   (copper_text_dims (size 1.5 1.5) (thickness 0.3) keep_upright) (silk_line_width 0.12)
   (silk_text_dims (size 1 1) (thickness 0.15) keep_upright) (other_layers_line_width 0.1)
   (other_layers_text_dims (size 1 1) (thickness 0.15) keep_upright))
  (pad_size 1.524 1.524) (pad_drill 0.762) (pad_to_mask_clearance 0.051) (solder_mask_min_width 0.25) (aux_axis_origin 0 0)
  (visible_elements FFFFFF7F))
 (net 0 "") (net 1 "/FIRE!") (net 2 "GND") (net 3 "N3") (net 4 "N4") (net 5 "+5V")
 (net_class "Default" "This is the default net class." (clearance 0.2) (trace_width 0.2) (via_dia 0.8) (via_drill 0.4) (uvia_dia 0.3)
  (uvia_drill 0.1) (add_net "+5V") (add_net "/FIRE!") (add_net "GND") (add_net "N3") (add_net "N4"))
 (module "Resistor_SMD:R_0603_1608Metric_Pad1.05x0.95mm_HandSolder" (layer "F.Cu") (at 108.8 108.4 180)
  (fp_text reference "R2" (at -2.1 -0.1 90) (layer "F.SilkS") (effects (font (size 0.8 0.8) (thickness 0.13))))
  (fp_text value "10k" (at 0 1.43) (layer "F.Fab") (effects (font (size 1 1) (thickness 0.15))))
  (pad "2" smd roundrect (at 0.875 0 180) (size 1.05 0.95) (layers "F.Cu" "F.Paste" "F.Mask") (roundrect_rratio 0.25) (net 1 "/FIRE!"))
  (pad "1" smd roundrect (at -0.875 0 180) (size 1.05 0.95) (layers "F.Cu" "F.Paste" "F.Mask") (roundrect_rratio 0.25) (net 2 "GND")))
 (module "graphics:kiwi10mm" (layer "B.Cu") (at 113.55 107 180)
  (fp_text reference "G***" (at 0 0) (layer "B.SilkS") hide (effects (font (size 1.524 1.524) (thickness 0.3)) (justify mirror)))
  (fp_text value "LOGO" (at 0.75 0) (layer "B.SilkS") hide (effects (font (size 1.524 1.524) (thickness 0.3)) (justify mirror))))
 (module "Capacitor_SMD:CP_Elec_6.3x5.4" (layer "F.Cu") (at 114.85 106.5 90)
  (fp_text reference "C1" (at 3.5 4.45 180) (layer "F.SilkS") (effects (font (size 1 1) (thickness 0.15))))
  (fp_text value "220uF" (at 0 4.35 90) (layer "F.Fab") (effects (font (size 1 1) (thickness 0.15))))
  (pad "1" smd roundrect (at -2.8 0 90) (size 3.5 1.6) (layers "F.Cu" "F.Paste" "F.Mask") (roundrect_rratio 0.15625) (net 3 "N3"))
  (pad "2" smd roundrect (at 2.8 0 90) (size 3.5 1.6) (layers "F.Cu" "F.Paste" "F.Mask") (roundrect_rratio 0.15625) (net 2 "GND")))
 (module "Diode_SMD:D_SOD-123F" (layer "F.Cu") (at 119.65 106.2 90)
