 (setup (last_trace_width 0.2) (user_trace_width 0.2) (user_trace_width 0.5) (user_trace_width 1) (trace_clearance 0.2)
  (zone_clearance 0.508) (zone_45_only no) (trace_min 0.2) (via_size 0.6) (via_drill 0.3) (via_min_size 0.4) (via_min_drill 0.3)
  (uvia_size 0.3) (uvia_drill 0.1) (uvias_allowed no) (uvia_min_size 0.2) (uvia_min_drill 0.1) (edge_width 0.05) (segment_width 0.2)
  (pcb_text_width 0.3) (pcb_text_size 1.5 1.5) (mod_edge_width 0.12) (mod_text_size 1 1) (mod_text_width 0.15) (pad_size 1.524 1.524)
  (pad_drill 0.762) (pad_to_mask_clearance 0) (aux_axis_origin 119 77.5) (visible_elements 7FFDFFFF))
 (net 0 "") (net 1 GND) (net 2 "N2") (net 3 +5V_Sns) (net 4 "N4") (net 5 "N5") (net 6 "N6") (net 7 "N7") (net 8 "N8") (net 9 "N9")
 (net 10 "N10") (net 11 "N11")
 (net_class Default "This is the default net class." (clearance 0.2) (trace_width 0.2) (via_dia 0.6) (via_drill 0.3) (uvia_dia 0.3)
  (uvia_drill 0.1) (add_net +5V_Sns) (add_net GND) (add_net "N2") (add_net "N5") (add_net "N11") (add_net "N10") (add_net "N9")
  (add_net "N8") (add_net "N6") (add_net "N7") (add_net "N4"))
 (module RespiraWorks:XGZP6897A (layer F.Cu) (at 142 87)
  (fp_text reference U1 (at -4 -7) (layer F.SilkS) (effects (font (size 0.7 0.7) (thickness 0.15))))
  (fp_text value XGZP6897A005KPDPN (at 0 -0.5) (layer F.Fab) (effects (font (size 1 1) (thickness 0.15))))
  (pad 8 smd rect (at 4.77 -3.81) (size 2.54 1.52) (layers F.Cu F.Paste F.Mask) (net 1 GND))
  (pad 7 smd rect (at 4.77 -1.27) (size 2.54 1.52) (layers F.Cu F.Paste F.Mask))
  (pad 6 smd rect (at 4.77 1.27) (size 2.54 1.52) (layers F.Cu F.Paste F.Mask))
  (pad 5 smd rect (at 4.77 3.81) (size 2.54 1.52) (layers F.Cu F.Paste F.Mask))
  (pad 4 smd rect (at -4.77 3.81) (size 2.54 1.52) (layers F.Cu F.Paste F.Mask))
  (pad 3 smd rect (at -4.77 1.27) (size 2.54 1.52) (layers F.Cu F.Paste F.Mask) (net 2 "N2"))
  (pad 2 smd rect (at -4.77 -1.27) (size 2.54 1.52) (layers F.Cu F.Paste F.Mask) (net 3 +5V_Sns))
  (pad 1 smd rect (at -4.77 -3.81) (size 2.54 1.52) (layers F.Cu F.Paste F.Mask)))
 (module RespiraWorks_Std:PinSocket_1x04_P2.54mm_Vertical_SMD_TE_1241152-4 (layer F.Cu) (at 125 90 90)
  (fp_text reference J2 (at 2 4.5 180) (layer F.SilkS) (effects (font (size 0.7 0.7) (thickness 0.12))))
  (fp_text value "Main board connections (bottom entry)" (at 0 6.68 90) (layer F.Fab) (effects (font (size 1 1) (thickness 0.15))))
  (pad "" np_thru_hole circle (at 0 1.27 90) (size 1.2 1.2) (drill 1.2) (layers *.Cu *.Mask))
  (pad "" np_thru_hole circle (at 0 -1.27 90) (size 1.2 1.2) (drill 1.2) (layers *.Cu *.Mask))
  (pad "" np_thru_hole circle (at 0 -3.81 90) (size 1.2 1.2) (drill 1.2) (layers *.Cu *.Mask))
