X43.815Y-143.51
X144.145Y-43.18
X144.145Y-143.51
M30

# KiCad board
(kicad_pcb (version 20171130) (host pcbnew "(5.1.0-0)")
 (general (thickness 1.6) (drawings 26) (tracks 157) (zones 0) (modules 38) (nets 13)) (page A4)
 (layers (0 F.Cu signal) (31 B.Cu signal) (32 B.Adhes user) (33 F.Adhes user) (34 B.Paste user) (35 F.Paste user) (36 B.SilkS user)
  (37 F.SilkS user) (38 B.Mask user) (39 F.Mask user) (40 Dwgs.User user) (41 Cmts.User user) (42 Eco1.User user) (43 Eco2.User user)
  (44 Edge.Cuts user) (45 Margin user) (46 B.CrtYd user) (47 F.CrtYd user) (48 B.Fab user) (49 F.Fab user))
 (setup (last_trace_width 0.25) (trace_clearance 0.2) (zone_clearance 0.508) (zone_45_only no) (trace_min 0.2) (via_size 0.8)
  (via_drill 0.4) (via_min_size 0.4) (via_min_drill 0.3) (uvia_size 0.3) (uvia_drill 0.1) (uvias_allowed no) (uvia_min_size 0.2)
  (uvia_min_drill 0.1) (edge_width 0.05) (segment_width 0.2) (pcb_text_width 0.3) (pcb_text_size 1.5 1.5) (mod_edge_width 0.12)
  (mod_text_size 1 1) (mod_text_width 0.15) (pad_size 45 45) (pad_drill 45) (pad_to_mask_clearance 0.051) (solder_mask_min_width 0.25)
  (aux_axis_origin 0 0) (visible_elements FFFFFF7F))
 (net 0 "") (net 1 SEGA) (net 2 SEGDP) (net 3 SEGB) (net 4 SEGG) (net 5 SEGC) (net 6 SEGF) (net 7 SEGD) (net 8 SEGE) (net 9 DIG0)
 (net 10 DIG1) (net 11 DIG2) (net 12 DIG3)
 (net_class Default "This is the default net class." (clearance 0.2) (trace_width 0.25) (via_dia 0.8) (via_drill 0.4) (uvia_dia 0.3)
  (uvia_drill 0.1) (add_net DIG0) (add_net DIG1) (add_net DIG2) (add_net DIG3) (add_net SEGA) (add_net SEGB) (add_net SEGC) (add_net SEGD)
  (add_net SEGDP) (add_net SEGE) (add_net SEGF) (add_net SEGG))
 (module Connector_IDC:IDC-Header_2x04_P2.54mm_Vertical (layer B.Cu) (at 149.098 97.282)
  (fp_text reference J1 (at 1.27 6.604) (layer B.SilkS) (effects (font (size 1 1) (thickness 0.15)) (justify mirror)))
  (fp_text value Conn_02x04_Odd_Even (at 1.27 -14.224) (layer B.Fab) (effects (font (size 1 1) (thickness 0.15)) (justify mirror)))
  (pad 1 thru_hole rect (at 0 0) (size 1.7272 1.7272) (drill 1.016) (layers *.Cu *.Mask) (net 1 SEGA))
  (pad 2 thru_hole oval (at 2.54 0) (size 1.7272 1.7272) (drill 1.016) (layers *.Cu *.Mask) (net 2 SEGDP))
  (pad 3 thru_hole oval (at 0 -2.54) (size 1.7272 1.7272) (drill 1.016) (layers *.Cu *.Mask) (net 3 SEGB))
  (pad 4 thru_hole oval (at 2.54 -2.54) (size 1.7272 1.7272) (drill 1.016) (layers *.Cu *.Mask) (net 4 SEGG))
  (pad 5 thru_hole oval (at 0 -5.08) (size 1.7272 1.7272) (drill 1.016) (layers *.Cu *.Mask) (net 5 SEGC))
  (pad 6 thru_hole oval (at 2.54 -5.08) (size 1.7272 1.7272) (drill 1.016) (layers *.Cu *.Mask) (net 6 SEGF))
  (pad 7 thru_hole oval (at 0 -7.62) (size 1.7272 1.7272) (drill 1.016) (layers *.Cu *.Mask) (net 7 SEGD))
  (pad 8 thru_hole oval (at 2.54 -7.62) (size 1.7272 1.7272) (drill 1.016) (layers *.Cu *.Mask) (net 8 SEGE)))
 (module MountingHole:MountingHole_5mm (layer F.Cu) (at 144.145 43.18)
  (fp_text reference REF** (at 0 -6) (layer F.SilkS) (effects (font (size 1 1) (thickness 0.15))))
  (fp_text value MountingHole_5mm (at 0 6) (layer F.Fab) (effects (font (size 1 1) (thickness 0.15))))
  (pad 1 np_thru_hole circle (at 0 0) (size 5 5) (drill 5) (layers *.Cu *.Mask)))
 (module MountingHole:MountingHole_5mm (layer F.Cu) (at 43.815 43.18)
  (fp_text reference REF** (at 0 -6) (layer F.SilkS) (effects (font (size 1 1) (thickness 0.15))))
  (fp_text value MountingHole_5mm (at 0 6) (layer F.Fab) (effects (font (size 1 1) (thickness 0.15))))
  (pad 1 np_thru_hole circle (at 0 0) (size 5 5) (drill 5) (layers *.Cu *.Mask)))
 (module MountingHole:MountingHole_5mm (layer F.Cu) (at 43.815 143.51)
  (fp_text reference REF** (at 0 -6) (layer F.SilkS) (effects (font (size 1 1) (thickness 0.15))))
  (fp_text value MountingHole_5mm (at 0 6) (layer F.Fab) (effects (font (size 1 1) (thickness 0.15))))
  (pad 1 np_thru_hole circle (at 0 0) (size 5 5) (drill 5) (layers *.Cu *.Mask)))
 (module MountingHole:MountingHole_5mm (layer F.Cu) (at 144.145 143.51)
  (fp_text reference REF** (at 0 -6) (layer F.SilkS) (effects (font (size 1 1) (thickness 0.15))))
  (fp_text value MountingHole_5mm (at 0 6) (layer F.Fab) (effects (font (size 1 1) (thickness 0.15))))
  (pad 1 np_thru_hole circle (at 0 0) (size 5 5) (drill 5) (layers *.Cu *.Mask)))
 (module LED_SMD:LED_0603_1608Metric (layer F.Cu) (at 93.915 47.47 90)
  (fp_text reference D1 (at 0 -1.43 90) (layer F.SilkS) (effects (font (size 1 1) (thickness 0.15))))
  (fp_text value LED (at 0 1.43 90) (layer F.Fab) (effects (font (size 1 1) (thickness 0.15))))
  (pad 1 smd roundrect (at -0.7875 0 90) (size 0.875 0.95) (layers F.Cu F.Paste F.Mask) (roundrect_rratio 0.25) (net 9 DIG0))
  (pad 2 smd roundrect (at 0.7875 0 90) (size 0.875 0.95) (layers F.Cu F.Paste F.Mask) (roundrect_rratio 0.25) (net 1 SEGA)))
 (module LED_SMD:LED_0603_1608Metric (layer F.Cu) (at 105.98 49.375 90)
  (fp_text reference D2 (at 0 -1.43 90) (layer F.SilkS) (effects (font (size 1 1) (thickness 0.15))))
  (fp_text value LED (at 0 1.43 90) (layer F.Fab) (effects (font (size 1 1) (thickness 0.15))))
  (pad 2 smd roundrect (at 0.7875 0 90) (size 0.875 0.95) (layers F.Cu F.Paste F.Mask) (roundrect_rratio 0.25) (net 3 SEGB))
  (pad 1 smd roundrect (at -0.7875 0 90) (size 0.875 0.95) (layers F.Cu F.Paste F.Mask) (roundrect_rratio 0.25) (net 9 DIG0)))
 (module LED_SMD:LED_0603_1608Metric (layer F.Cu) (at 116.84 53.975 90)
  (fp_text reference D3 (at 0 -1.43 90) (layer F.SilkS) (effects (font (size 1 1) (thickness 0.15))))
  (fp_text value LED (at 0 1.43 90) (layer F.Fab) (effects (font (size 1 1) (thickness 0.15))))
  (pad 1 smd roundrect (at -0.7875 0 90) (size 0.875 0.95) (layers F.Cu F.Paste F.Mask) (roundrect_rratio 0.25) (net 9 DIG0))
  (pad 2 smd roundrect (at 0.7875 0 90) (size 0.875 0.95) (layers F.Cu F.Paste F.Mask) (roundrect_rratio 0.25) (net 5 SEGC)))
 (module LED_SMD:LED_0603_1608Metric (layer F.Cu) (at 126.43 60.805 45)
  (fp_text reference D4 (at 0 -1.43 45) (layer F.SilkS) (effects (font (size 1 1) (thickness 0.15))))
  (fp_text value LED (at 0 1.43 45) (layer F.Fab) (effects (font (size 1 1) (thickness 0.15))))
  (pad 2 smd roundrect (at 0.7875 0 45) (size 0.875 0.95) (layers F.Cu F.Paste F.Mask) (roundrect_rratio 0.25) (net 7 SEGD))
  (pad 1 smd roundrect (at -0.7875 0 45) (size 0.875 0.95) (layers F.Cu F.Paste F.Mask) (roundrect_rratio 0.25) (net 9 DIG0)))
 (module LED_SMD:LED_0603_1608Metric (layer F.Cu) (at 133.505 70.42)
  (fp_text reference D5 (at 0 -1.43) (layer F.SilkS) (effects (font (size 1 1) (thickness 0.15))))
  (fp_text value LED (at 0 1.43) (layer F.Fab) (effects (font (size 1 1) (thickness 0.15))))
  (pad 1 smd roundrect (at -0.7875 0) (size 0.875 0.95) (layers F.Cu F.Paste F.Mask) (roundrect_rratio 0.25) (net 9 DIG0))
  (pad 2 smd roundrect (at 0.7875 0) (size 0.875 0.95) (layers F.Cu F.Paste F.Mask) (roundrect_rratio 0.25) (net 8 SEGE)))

★ ★ ★ ★

_What you should do_
Once you find the line with "0.3)) (justify mirror))))" in the entries above, output it and each line after it up to and including the line with "(fp_text reference U1", and nothing else.

_Response to the task_
  (fp_text value "LOGO" (at 0.75 0) (layer "B.SilkS") hide (effects (font (size 1.524 1.524) (thickness 0.3)) (justify mirror))))
 (module "Capacitor_SMD:CP_Elec_6.3x5.4" (layer "F.Cu") (at 114.85 106.5 90)
  (fp_text reference "C1" (at 3.5 4.45 180) (layer "F.SilkS") (effects (font (size 1 1) (thickness 0.15))))
  (fp_text value "220uF" (at 0 4.35 90) (layer "F.Fab") (effects (font (size 1 1) (thickness 0.15))))
  (pad "1" smd roundrect (at -2.8 0 90) (size 3.5 1.6) (layers "F.Cu" "F.Paste" "F.Mask") (roundrect_rratio 0.15625) (net 3 "N3"))
  (pad "2" smd roundrect (at 2.8 0 90) (size 3.5 1.6) (layers "F.Cu" "F.Paste" "F.Mask") (roundrect_rratio 0.15625) (net 2 "GND")))
 (module "Diode_SMD:D_SOD-123F" (layer "F.Cu") (at 119.65 106.2 90)
 (setup (last_trace_width 0.2) (user_trace_width 0.2) (user_trace_width 0.5) (user_trace_width 1) (trace_clearance 0.2)
  (zone_clearance 0.508) (zone_45_only no) (trace_min 0.2) (via_size 0.6) (via_drill 0.3) (via_min_size 0.4) (via_min_drill 0.3)
  (uvia_size 0.3) (uvia_drill 0.1) (uvias_allowed no) (uvia_min_size 0.2) (uvia_min_drill 0.1) (edge_width 0.05) (segment_width 0.2)
  (pcb_text_width 0.3) (pcb_text_size 1.5 1.5) (mod_edge_width 0.12) (mod_text_size 1 1) (mod_text_width 0.15) (pad_size 1.524 1.524)
  (pad_drill 0.762) (pad_to_mask_clearance 0) (aux_axis_origin 119 77.5) (visible_elements 7FFDFFFF))
 (net 0 "") (net 1 GND) (net 2 "N2") (net 3 +5V_Sns) (net 4 "N4") (net 5 "N5") (net 6 "N6") (net 7 "N7") (net 8 "N8") (net 9 "N9")
 (net 10 "N10") (net 11 "N11")
 (net_class Default "This is the default net class." (clearance 0.2) (trace_width 0.2) (via_dia 0.6) (via_drill 0.3) (uvia_dia 0.3)
  (uvia_drill 0.1) (add_net +5V_Sns) (add_net GND) (add_net "N2") (add_net "N5") (add_net "N11") (add_net "N10") (add_net "N9")
  (add_net "N8") (add_net "N6") (add_net "N7") (add_net "N4"))
 (module RespiraWorks:XGZP6897A (layer F.Cu) (at 142 87)
  (fp_text reference U1 (at -4 -7) (layer F.SilkS) (effects (font (size 0.7 0.7) (thickness 0.15))))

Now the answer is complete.